[Mesa-dev] [PATCH v2 04/29] nir: add support for flushing to zero denorm constants

Tue Dec 18 10:33:59 UTC 2018

v2:
- Refactor conditions and shared function (Connor)
- Move code to nir_eval_const_opcode() (Connor)
- Don't flush to zero on fquantize2f16
  From Vulkan spec, VK_KHR_shader_float_controls section:

  "3) Do denorm and rounding mode controls apply to OpSpecConstantOp?

  RESOLVED: Yes, except when the opcode is OpQuantizeToF16."

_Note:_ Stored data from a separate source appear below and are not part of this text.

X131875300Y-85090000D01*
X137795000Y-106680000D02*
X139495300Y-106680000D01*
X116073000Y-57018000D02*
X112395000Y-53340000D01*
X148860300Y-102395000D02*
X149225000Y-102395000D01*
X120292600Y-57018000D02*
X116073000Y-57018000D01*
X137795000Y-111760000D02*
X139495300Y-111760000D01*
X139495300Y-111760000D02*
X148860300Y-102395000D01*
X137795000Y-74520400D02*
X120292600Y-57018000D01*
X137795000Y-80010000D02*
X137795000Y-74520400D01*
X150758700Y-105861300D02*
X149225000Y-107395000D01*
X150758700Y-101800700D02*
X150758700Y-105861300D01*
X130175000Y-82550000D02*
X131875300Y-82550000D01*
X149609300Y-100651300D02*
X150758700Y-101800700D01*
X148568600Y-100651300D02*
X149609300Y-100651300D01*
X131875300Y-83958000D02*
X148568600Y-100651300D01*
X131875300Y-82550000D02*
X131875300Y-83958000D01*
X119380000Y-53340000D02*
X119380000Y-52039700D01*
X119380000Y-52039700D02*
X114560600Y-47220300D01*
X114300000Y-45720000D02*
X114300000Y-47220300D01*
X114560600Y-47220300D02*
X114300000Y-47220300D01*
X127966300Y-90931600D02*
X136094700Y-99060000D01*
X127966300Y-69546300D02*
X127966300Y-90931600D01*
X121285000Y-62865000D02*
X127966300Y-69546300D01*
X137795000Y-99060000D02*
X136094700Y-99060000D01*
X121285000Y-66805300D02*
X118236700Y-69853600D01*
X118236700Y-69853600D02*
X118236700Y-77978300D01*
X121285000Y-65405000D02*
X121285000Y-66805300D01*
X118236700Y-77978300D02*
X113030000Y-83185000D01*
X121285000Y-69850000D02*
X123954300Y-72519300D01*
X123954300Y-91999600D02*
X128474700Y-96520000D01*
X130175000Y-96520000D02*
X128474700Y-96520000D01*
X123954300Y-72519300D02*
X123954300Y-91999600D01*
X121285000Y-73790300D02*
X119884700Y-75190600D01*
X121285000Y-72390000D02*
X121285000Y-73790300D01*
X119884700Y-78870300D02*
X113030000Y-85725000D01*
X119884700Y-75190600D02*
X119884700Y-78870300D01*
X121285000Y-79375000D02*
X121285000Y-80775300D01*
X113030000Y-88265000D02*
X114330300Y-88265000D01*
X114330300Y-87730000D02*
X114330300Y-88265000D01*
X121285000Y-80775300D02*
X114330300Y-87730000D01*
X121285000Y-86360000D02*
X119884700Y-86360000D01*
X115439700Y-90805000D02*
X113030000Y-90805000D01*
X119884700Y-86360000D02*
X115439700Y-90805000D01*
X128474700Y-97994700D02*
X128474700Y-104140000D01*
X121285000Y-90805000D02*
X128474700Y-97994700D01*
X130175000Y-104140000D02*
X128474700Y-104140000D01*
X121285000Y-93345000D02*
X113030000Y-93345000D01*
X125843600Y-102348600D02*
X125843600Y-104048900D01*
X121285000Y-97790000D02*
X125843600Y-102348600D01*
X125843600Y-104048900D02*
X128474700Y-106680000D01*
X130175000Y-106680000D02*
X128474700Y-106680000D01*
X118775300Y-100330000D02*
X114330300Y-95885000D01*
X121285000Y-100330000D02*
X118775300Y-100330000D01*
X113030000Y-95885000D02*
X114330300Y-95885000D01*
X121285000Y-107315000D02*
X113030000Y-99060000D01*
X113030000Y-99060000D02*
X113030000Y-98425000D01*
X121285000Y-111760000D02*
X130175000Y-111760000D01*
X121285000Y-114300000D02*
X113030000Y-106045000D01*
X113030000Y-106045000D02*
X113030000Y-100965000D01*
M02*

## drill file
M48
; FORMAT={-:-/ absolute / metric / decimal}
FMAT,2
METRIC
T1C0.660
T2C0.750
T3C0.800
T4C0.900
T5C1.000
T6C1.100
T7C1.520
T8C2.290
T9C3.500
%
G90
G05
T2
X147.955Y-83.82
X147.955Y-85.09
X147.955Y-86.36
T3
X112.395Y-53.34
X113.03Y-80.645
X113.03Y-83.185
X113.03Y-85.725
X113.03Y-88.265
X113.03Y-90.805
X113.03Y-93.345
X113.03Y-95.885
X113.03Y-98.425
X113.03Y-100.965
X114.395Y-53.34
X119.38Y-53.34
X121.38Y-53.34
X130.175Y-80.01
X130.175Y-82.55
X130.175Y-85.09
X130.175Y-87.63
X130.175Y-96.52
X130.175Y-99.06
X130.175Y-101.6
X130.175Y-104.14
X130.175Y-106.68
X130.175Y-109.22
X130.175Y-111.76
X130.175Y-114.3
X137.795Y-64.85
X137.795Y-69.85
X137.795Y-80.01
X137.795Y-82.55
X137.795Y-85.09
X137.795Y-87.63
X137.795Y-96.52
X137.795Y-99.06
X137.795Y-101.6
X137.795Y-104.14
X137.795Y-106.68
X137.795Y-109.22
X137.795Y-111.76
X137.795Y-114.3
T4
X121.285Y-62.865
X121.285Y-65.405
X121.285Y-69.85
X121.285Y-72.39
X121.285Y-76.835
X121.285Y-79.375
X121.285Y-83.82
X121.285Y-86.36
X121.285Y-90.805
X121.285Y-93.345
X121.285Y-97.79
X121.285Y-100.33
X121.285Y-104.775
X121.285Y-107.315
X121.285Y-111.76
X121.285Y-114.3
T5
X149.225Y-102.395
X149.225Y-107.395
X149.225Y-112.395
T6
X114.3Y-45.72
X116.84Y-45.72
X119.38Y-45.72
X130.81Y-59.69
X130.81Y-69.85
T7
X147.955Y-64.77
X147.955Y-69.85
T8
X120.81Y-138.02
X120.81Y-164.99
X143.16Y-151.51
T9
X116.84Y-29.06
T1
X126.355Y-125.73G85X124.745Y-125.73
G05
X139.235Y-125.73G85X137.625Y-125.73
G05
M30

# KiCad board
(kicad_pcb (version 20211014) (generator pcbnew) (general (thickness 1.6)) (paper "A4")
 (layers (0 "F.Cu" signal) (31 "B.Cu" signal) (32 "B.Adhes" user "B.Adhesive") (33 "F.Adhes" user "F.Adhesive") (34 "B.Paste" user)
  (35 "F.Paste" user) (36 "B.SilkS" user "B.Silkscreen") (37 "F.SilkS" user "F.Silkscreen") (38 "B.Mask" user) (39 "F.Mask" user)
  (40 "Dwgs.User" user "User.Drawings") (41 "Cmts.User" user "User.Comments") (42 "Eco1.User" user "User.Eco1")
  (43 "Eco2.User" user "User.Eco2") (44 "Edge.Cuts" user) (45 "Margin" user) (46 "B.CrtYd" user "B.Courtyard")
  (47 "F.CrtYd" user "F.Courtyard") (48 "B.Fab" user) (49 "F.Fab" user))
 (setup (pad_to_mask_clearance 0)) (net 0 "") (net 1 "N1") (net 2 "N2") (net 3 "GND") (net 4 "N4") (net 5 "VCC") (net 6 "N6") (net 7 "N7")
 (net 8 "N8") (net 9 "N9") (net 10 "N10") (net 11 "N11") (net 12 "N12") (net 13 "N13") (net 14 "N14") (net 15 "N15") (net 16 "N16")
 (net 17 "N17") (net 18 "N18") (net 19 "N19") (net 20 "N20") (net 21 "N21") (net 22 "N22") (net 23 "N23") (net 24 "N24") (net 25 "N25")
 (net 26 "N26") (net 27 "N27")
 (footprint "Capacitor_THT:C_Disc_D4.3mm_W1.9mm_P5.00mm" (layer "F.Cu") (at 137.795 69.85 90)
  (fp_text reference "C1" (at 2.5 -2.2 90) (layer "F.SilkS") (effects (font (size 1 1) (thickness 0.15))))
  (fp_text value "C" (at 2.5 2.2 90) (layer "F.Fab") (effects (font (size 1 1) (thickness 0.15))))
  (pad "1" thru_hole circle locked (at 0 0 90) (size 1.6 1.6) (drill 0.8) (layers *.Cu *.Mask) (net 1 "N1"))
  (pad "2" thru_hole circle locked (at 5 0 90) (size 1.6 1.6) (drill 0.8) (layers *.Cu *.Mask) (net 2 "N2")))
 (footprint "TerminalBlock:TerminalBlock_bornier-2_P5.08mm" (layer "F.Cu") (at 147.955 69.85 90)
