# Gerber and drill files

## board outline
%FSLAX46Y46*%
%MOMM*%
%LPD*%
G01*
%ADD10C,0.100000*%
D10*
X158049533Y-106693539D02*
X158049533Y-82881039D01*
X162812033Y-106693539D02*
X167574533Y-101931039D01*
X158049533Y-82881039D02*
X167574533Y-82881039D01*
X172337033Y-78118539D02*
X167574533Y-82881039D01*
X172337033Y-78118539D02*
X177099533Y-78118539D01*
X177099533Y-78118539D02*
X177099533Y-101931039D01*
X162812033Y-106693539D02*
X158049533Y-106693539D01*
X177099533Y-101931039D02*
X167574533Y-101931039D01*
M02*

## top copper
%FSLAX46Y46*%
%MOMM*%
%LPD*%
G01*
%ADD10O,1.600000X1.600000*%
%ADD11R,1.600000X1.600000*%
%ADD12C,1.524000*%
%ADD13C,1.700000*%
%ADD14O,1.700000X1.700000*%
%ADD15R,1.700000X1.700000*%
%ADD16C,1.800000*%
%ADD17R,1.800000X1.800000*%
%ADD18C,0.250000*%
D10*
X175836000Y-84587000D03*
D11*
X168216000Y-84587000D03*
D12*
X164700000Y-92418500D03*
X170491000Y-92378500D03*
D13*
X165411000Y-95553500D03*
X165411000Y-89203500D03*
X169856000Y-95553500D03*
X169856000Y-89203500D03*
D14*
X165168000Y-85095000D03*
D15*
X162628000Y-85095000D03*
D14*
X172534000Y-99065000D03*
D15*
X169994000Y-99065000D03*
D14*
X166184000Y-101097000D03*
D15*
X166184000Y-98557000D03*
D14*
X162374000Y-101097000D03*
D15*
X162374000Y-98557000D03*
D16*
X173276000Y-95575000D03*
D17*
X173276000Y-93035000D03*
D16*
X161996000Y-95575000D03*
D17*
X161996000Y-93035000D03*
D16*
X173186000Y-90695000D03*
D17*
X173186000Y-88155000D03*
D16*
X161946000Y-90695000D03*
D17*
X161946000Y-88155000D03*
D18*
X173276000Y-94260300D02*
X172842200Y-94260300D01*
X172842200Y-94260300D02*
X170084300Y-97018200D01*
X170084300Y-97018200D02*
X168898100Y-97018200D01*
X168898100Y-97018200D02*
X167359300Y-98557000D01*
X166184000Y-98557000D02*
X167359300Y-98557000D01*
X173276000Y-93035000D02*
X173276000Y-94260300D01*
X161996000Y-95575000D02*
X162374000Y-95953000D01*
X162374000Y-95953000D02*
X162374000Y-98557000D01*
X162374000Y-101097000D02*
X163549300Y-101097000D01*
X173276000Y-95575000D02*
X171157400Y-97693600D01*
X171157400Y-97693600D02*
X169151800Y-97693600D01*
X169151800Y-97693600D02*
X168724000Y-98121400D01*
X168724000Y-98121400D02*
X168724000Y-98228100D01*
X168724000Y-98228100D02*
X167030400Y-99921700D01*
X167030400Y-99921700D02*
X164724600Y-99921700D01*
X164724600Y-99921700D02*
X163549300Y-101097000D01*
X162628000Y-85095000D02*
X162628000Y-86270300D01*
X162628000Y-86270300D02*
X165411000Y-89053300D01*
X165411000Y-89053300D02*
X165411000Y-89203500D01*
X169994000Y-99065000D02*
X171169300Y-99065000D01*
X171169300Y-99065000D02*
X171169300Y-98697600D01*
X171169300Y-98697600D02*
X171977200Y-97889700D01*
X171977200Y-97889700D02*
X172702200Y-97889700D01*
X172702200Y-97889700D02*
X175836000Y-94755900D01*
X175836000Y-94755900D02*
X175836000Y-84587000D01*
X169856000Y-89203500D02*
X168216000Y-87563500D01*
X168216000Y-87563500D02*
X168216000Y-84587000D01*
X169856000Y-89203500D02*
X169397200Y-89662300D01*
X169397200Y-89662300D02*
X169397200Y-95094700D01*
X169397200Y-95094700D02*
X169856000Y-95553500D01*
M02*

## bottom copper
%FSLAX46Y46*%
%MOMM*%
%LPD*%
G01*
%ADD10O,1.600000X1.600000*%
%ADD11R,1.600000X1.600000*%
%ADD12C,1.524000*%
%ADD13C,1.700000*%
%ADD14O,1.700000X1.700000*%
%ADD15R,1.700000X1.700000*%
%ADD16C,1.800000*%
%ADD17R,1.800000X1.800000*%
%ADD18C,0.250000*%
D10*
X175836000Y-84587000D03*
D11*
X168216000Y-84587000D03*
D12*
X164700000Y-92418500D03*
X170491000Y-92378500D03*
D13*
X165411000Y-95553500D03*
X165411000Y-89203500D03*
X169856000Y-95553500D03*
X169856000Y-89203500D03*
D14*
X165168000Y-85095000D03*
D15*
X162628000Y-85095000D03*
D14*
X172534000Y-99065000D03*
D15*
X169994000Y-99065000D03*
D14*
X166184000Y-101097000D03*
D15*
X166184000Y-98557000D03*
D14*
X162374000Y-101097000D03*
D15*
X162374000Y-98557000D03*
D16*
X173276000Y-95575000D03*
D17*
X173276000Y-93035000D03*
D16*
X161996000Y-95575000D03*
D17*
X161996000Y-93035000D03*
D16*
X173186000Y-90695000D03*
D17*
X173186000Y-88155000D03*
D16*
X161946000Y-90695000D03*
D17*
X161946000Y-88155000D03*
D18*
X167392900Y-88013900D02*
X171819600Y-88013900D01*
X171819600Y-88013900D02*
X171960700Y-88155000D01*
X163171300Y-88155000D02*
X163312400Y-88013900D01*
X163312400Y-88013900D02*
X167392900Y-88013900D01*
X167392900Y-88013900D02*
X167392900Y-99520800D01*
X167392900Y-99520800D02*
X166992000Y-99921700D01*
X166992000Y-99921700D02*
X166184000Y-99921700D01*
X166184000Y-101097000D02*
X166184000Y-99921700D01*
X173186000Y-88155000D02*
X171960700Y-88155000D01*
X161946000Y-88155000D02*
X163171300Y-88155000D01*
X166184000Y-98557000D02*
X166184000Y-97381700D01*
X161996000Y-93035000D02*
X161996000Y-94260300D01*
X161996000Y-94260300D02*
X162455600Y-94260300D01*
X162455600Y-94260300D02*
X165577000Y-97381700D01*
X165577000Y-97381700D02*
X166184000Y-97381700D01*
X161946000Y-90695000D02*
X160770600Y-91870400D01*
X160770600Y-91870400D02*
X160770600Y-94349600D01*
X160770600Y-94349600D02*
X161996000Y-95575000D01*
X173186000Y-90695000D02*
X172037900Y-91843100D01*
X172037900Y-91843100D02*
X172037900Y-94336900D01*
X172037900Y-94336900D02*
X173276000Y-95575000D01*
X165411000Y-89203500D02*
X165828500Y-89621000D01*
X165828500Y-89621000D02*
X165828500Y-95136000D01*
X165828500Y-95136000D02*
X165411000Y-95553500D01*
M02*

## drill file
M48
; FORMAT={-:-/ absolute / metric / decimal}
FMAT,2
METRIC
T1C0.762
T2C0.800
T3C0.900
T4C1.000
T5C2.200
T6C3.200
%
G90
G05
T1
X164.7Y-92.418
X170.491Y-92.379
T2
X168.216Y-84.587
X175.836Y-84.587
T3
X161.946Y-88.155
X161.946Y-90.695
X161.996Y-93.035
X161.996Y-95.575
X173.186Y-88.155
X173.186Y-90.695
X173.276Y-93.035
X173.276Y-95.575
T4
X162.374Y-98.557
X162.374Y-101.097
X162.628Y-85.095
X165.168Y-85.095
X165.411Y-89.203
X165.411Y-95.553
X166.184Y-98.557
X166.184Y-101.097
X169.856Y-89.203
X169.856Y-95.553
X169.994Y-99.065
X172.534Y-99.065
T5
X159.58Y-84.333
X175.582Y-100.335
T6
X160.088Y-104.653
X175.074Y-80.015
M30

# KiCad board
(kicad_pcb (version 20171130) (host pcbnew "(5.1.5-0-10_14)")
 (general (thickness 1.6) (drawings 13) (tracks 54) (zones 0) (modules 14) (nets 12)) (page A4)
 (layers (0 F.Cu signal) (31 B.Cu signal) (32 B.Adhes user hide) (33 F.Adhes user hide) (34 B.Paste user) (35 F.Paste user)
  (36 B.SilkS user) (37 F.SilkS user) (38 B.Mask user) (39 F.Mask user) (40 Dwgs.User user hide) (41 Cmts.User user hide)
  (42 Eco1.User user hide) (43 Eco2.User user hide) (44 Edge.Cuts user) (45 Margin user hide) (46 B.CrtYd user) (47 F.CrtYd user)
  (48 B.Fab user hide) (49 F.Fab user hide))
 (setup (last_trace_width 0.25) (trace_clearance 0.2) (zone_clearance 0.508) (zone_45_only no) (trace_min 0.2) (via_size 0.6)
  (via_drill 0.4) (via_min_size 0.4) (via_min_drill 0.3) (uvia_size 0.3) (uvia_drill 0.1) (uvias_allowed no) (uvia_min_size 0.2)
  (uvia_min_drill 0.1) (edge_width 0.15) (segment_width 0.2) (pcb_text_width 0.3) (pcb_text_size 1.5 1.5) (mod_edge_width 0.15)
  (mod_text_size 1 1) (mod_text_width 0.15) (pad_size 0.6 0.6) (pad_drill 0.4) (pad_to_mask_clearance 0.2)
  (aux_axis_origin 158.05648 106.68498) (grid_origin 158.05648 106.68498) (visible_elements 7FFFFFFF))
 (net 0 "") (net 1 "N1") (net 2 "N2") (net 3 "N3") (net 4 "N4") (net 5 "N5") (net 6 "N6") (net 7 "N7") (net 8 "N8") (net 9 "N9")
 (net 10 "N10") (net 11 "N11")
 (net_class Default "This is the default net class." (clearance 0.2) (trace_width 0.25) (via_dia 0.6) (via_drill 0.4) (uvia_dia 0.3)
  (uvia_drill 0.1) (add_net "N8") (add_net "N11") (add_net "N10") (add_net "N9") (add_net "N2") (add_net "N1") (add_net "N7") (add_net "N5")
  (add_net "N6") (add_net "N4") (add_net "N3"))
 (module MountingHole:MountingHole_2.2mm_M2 (layer F.Cu) (at 159.58048 84.33298)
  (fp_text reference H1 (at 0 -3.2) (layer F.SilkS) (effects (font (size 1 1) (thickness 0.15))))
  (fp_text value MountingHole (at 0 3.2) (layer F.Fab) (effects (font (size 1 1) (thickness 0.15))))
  (pad 1 np_thru_hole circle (at 0 0) (size 2.2 2.2) (drill 2.2) (layers *.Cu *.Mask)))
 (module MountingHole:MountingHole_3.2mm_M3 (layer F.Cu) (at 160.08848 104.65298)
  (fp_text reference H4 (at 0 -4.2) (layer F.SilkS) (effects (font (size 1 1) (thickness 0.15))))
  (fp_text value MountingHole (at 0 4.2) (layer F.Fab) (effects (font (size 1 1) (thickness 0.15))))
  (pad 1 np_thru_hole circle (at 0 0) (size 3.2 3.2) (drill 3.2) (layers *.Cu *.Mask)))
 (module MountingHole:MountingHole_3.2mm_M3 (layer F.Cu) (at 175.07448 80.01498)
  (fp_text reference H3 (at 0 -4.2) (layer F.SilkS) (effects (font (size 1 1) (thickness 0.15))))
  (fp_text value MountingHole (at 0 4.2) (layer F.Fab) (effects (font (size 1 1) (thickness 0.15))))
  (pad 1 np_thru_hole circle (at 0 0) (size 3.2 3.2) (drill 3.2) (layers *.Cu *.Mask)))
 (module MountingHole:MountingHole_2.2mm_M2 (layer F.Cu) (at 175.58248 100.33498)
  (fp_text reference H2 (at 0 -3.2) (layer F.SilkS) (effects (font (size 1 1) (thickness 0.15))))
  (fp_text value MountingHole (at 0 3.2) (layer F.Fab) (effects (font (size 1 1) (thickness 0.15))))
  (pad 1 np_thru_hole circle (at 0 0) (size 2.2 2.2) (drill 2.2) (layers *.Cu *.Mask)))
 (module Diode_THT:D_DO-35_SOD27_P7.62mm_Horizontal (layer F.Cu) (at 168.216 84.587)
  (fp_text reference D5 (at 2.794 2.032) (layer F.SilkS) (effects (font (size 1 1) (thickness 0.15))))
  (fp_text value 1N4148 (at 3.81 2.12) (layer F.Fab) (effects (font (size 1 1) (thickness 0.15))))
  (pad 2 thru_hole oval (at 7.62 0) (size 1.6 1.6) (drill 0.8) (layers *.Cu *.Mask) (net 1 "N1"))
  (pad 1 thru_hole rect (at 0 0) (size 1.6 1.6) (drill 0.8) (layers *.Cu *.Mask) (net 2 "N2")))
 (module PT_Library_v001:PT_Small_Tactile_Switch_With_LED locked (layer F.Cu) (at 167.57 92.3785 270)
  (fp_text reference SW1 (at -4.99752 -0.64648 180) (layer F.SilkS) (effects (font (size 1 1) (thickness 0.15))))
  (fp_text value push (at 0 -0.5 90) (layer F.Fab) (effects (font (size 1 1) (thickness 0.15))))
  (pad 6 thru_hole circle (at 0.04 2.87 270) (size 1.524 1.524) (drill 0.762) (layers *.Cu *.Mask) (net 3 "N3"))
  (pad 5 thru_hole circle (at 0 -2.921 270) (size 1.524 1.524) (drill 0.762) (layers *.Cu *.Mask) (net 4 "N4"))
  (pad 4 thru_hole circle (at 3.175 2.159 270) (size 1.7 1.7) (drill 1) (layers *.Cu *.Mask) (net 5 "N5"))
  (pad 3 thru_hole circle (at -3.175 2.159 270) (size 1.7 1.7) (drill 1) (layers *.Cu *.Mask) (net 5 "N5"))
  (pad 2 thru_hole circle (at 3.175 -2.286 270) (size 1.7 1.7) (drill 1) (layers *.Cu *.Mask) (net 2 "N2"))
  (pad 1 thru_hole circle (at -3.175 -2.286 270) (size 1.7 1.7) (drill 1) (layers *.Cu *.Mask) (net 2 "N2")))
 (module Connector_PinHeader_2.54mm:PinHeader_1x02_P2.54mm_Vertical (layer B.Cu) (at 162.628 85.095 270)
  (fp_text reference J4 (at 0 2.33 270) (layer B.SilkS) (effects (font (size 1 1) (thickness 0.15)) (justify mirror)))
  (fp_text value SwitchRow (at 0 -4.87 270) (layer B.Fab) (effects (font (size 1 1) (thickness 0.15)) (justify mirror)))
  (pad 2 thru_hole oval (at 0 -2.54 270) (size 1.7 1.7) (drill 1) (layers *.Cu *.Mask) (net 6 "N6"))
  (pad 1 thru_hole rect (at 0 0 270) (size 1.7 1.7) (drill 1) (layers *.Cu *.Mask) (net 5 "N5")))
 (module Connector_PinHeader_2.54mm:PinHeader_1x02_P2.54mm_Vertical (layer B.Cu) (at 169.994 99.065 270)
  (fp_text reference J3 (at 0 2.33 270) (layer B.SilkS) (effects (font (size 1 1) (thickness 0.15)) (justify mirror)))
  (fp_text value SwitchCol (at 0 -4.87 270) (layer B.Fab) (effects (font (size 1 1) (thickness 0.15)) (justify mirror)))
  (pad 2 thru_hole oval (at 0 -2.54 270) (size 1.7 1.7) (drill 1) (layers *.Cu *.Mask) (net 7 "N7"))
  (pad 1 thru_hole rect (at 0 0 270) (size 1.7 1.7) (drill 1) (layers *.Cu *.Mask) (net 1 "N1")))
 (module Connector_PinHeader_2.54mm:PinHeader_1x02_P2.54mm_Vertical (layer B.Cu) (at 166.184 98.557 180)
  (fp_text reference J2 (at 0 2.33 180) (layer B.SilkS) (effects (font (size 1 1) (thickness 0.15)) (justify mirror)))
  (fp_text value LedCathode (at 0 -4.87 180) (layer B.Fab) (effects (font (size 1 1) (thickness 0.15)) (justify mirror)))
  (pad 2 thru_hole oval (at 0 -2.54 180) (size 1.7 1.7) (drill 1) (layers *.Cu *.Mask) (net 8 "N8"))
  (pad 1 thru_hole rect (at 0 0 180) (size 1.7 1.7) (drill 1) (layers *.Cu *.Mask) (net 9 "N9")))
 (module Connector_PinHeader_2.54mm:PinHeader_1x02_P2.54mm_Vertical (layer B.Cu) (at 162.374 98.557 180)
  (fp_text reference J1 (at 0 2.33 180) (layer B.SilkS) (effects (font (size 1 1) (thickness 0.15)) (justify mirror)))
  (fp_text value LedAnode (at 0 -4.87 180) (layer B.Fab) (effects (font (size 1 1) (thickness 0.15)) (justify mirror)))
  (pad 2 thru_hole oval (at 0 -2.54 180) (size 1.7 1.7) (drill 1) (layers *.Cu *.Mask) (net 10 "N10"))
  (pad 1 thru_hole rect (at 0 0 180) (size 1.7 1.7) (drill 1) (layers *.Cu *.Mask) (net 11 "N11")))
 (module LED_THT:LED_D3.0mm (layer F.Cu) (at 173.276 93.035 270)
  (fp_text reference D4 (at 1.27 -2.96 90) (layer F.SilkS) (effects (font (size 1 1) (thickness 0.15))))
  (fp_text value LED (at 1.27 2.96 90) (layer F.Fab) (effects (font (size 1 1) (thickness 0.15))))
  (pad 2 thru_hole circle (at 2.54 0 270) (size 1.8 1.8) (drill 0.9) (layers *.Cu *.Mask) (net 10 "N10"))
  (pad 1 thru_hole rect (at 0 0 270) (size 1.8 1.8) (drill 0.9) (layers *.Cu *.Mask) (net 9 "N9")))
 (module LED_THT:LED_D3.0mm (layer F.Cu) (at 161.996 93.035 270)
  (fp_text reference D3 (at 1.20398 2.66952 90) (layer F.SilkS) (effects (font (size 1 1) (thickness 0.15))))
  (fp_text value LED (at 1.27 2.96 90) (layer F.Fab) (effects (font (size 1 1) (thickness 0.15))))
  (pad 2 thru_hole circle (at 2.54 0 270) (size 1.8 1.8) (drill 0.9) (layers *.Cu *.Mask) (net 11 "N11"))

Signed-off-by: Samuel Iglesias Gonsálvez <siglesias at igalia.com>
---
 src/compiler/nir/nir_constant_expressions.h  |  3 +-
 src/compiler/nir/nir_constant_expressions.py | 65 ++++++++++++++++++--
 src/compiler/nir/nir_loop_analyze.c          |  7 ++-
 src/compiler/nir/nir_opt_constant_folding.c  | 15 ++---
 src/compiler/spirv/spirv_to_nir.c            |  3 +-
 5 files changed, 75 insertions(+), 18 deletions(-)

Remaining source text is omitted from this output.